Why this matters: Concrete data for your local-plus-cloud routing decisions through LiteLLM — validates the hybrid approach you’re building.
Quality comparison between Qwen 3.6 27B quantizations (BF16 through IQ3_XXS)
Systematic test of quantisation levels on a structured reasoning task, showing Q5_K_XL as the sweet spot for 16GB VRAM setups with minimal degradation.
Why this matters: Actionable guidance for choosing the right quant if you’re running Qwen locally on team hardware.
Bleeding Llama: Critical Unauthenticated Memory Leak in Ollama
Security researchers disclose a critical unauthenticated memory leak vulnerability in Ollama that can expose sensitive data from the host.
Why this matters: If you run Ollama on any network-accessible machine (dev servers, shared infra), patch immediately — especially relevant given your MCP server architecture.
Apple drops high-memory Mac Studio configs (256GB gone)
Apple has quietly removed the 256GB Mac Studio option, leaving 96GB as the maximum. Supply constraints cited.

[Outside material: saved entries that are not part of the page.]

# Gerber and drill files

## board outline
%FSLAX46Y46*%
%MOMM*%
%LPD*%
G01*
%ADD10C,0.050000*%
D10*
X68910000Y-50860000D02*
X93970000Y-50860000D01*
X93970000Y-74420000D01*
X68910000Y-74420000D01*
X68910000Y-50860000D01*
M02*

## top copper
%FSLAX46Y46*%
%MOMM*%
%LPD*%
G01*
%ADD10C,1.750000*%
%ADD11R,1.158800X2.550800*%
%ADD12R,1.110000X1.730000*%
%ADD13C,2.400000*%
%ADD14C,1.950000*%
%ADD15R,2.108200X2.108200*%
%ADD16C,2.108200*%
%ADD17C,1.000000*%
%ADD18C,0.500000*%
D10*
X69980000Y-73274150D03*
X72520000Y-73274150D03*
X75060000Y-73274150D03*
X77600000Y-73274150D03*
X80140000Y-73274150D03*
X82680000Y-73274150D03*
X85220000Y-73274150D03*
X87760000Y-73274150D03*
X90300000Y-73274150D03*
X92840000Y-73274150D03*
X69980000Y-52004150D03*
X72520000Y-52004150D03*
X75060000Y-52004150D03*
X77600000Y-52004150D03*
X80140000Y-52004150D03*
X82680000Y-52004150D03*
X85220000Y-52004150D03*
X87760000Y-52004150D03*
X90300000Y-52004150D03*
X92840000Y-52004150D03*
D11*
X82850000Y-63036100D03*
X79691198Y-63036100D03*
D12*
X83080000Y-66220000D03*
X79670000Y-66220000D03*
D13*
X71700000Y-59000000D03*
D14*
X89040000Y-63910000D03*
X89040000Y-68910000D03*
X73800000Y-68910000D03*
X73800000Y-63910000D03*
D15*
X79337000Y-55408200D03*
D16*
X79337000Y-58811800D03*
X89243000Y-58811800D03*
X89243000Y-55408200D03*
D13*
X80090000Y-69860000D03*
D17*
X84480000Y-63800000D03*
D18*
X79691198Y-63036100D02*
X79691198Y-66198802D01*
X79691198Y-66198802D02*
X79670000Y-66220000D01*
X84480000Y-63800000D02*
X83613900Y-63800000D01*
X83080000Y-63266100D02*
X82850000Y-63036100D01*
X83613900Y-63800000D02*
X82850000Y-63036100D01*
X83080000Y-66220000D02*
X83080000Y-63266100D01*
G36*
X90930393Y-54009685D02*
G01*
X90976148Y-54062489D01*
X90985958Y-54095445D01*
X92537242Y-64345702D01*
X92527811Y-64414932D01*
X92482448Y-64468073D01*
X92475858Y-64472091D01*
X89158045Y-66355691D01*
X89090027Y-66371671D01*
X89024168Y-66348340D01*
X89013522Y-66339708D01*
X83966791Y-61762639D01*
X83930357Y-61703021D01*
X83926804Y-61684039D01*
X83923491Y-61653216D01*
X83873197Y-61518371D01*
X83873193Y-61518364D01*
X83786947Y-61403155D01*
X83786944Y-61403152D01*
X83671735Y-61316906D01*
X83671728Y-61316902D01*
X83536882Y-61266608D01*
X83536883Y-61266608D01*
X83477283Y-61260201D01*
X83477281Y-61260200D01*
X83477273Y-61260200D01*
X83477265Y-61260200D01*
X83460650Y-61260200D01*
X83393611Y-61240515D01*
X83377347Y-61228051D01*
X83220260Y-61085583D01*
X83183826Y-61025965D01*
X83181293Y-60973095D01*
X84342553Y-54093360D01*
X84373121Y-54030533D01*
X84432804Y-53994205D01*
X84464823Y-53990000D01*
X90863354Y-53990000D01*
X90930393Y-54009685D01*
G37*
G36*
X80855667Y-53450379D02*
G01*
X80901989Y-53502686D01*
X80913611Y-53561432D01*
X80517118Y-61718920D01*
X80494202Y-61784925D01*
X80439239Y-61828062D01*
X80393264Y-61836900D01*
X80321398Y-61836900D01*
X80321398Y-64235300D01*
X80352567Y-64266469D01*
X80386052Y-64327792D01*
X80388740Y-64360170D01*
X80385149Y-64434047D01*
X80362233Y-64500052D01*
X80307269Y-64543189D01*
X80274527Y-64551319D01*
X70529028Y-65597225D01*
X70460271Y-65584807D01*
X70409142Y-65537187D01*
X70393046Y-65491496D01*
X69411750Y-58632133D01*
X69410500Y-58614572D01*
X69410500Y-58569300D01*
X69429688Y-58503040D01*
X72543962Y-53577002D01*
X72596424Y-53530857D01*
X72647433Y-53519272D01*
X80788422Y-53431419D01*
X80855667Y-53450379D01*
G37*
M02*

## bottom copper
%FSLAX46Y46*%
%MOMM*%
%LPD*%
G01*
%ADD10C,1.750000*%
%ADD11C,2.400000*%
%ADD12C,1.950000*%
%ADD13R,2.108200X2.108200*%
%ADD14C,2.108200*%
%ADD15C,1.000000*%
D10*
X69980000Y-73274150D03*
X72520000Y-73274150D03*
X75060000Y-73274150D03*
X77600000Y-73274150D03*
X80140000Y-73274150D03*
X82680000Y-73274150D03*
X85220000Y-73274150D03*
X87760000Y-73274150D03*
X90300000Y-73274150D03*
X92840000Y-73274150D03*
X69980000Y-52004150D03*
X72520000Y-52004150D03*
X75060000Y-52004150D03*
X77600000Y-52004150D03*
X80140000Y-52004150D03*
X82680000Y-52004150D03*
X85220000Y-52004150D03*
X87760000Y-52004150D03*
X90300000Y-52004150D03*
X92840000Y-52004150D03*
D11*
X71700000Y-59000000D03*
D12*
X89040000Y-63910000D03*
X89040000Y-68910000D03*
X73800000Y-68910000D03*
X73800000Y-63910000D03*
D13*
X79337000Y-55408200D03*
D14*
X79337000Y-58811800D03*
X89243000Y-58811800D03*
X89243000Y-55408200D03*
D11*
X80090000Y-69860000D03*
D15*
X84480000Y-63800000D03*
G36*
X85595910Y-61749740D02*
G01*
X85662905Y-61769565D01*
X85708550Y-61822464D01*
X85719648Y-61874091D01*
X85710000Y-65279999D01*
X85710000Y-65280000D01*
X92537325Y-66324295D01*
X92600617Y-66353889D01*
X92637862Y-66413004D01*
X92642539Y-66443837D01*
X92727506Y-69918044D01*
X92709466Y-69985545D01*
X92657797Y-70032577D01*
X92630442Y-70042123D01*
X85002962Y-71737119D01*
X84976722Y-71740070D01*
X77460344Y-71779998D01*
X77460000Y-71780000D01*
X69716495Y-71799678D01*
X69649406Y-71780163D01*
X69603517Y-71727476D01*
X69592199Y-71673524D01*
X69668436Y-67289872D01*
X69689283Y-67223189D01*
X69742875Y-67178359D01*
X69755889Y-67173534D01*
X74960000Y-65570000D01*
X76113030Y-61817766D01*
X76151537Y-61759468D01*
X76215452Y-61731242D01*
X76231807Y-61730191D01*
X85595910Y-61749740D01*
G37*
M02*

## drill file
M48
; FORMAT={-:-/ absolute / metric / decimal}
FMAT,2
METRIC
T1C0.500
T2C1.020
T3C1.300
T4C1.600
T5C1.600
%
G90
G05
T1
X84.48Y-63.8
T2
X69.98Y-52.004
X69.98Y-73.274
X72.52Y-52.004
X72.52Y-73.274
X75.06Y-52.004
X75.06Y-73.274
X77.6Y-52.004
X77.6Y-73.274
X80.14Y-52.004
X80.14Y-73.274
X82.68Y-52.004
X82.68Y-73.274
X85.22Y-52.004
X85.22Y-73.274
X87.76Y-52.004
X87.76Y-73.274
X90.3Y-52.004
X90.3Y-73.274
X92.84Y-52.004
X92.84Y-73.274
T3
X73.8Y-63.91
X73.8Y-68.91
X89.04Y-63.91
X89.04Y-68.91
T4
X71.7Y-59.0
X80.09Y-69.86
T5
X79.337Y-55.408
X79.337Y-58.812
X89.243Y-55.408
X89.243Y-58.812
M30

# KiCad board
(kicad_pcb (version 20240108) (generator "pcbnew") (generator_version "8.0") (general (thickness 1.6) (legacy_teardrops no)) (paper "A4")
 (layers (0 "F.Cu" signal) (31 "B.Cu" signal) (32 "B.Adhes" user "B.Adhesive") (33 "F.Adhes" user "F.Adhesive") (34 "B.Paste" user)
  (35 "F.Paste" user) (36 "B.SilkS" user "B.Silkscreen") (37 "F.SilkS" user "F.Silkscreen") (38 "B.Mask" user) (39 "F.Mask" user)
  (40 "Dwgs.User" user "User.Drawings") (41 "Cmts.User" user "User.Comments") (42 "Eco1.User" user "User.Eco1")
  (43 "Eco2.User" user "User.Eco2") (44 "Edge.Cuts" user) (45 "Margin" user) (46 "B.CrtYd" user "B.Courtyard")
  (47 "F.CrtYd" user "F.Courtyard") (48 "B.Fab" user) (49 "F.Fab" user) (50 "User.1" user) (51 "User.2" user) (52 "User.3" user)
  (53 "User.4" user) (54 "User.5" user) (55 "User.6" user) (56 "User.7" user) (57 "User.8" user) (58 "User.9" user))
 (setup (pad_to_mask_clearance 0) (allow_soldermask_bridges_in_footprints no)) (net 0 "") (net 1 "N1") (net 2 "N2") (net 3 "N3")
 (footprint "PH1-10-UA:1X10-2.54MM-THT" (layer "F.Cu") (at 69.98 73.27415)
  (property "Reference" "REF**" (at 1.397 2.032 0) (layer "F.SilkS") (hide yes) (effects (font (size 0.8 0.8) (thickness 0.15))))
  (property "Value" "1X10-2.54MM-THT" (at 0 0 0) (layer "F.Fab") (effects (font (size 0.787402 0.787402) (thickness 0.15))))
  (pad "1" thru_hole circle (at 0 0) (size 1.75 1.75) (drill 1.02) (layers "*.Cu" "*.Mask") (remove_unused_layers no)
   (solder_mask_margin 0.102))
  (pad "2" thru_hole circle (at 2.54 0) (size 1.75 1.75) (drill 1.02) (layers "*.Cu" "*.Mask") (remove_unused_layers no)
   (solder_mask_margin 0.102))
  (pad "3" thru_hole circle (at 5.08 0) (size 1.75 1.75) (drill 1.02) (layers "*.Cu" "*.Mask") (remove_unused_layers no)
   (solder_mask_margin 0.102))
  (pad "4" thru_hole circle (at 7.62 0) (size 1.75 1.75) (drill 1.02) (layers "*.Cu" "*.Mask") (remove_unused_layers no)
   (solder_mask_margin 0.102))
  (pad "5" thru_hole circle (at 10.16 0) (size 1.75 1.75) (drill 1.02) (layers "*.Cu" "*.Mask") (remove_unused_layers no)
   (solder_mask_margin 0.102))
  (pad "6" thru_hole circle (at 12.7 0) (size 1.75 1.75) (drill 1.02) (layers "*.Cu" "*.Mask") (remove_unused_layers no)
   (solder_mask_margin 0.102))
  (pad "7" thru_hole circle (at 15.24 0) (size 1.75 1.75) (drill 1.02) (layers "*.Cu" "*.Mask") (remove_unused_layers no)
   (solder_mask_margin 0.102))
  (pad "8" thru_hole circle (at 17.78 0) (size 1.75 1.75) (drill 1.02) (layers "*.Cu" "*.Mask") (remove_unused_layers no)
   (solder_mask_margin 0.102))
  (pad "9" thru_hole circle (at 20.32 0) (size 1.75 1.75) (drill 1.02) (layers "*.Cu" "*.Mask") (remove_unused_layers no)
   (solder_mask_margin 0.102))
  (pad "10" thru_hole circle (at 22.86 0) (size 1.75 1.75) (drill 1.02) (layers "*.Cu" "*.Mask") (remove_unused_layers no)
   (solder_mask_margin 0.102)))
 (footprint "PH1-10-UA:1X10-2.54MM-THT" (layer "F.Cu") (at 69.98 52.00415)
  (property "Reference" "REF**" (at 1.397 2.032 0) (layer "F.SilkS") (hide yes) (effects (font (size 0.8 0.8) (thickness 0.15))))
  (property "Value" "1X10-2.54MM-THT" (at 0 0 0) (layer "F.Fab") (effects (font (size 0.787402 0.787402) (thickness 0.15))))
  (pad "1" thru_hole circle (at 0 0) (size 1.75 1.75) (drill 1.02) (layers "*.Cu" "*.Mask") (remove_unused_layers no)
   (solder_mask_margin 0.102))
  (pad "2" thru_hole circle (at 2.54 0) (size 1.75 1.75) (drill 1.02) (layers "*.Cu" "*.Mask") (remove_unused_layers no)
   (solder_mask_margin 0.102))
  (pad "3" thru_hole circle (at 5.08 0) (size 1.75 1.75) (drill 1.02) (layers "*.Cu" "*.Mask") (remove_unused_layers no)
   (solder_mask_margin 0.102))
  (pad "4" thru_hole circle (at 7.62 0) (size 1.75 1.75) (drill 1.02) (layers "*.Cu" "*.Mask") (remove_unused_layers no)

Why this matters: Bad news for local large-model inference on Apple Silicon — if you were planning high-RAM Mac purchases for the team, act now on remaining stock.
Industry & Trends
GPT-5.5 Instant: smarter, clearer, and more personalized
OpenAI’s new default ChatGPT model claims reduced hallucinations and improved accuracy. System card published alongside.
Why this matters: Worth evaluating via LiteLLM as a potential routing target for lower-stakes tasks — watch for API availability and pricing details.
Anthropic launches 10 finance/insurance AI agents (KYC, pitchbooks, month-end)
Anthropic ships production-ready agents for financial services via Claude Cowork, Claude Code, and Managed Agents — including KYC screening.
Why this matters: Directly in your identity/fraud/RegTech space — worth examining whether these agents or their architecture patterns are applicable to your own KYC workflows.
Hugging Face Transformers v5.8.0 — DeepSeek-V4 support
Adds DeepSeek-V4 model support with its new hybrid attention architecture, plus other model additions.
Why this matters: If you evaluate or fine-tune open models via HF, DeepSeek-V4 is now first-class — relevant to your frontier-vs-local cost analysis.
Auto-curated daily by Claude Opus 4.7 from Apple ML research, Ben’s Bites, Cursor changelog, Don’t Worry About the Vase (Zvi), GitHub: BerriAI/litellm, GitHub: anthropics/claude-code, GitHub: ggml-org/llama.cpp, GitHub: huggingface/transformers, GitHub: langchain-ai/langchain, GitHub: langchain-ai/langgraph, GitHub: ollama/ollama, GitHub: sgl-project/sglang, Hugging Face blog, JetBrains AI blog, LangChain blog, Last Week in AI, Latent Space, Lenny’s Newsletter, NVIDIA developer blog, OpenAI blog, Simon Willison, TLDR AI, The Pragmatic Engineer (Gergely Orosz), Vercel blog, r/ClaudeAI top, r/LocalLLaMA top, r/MachineLearning top. Source list and editorial profile maintained by Daniel.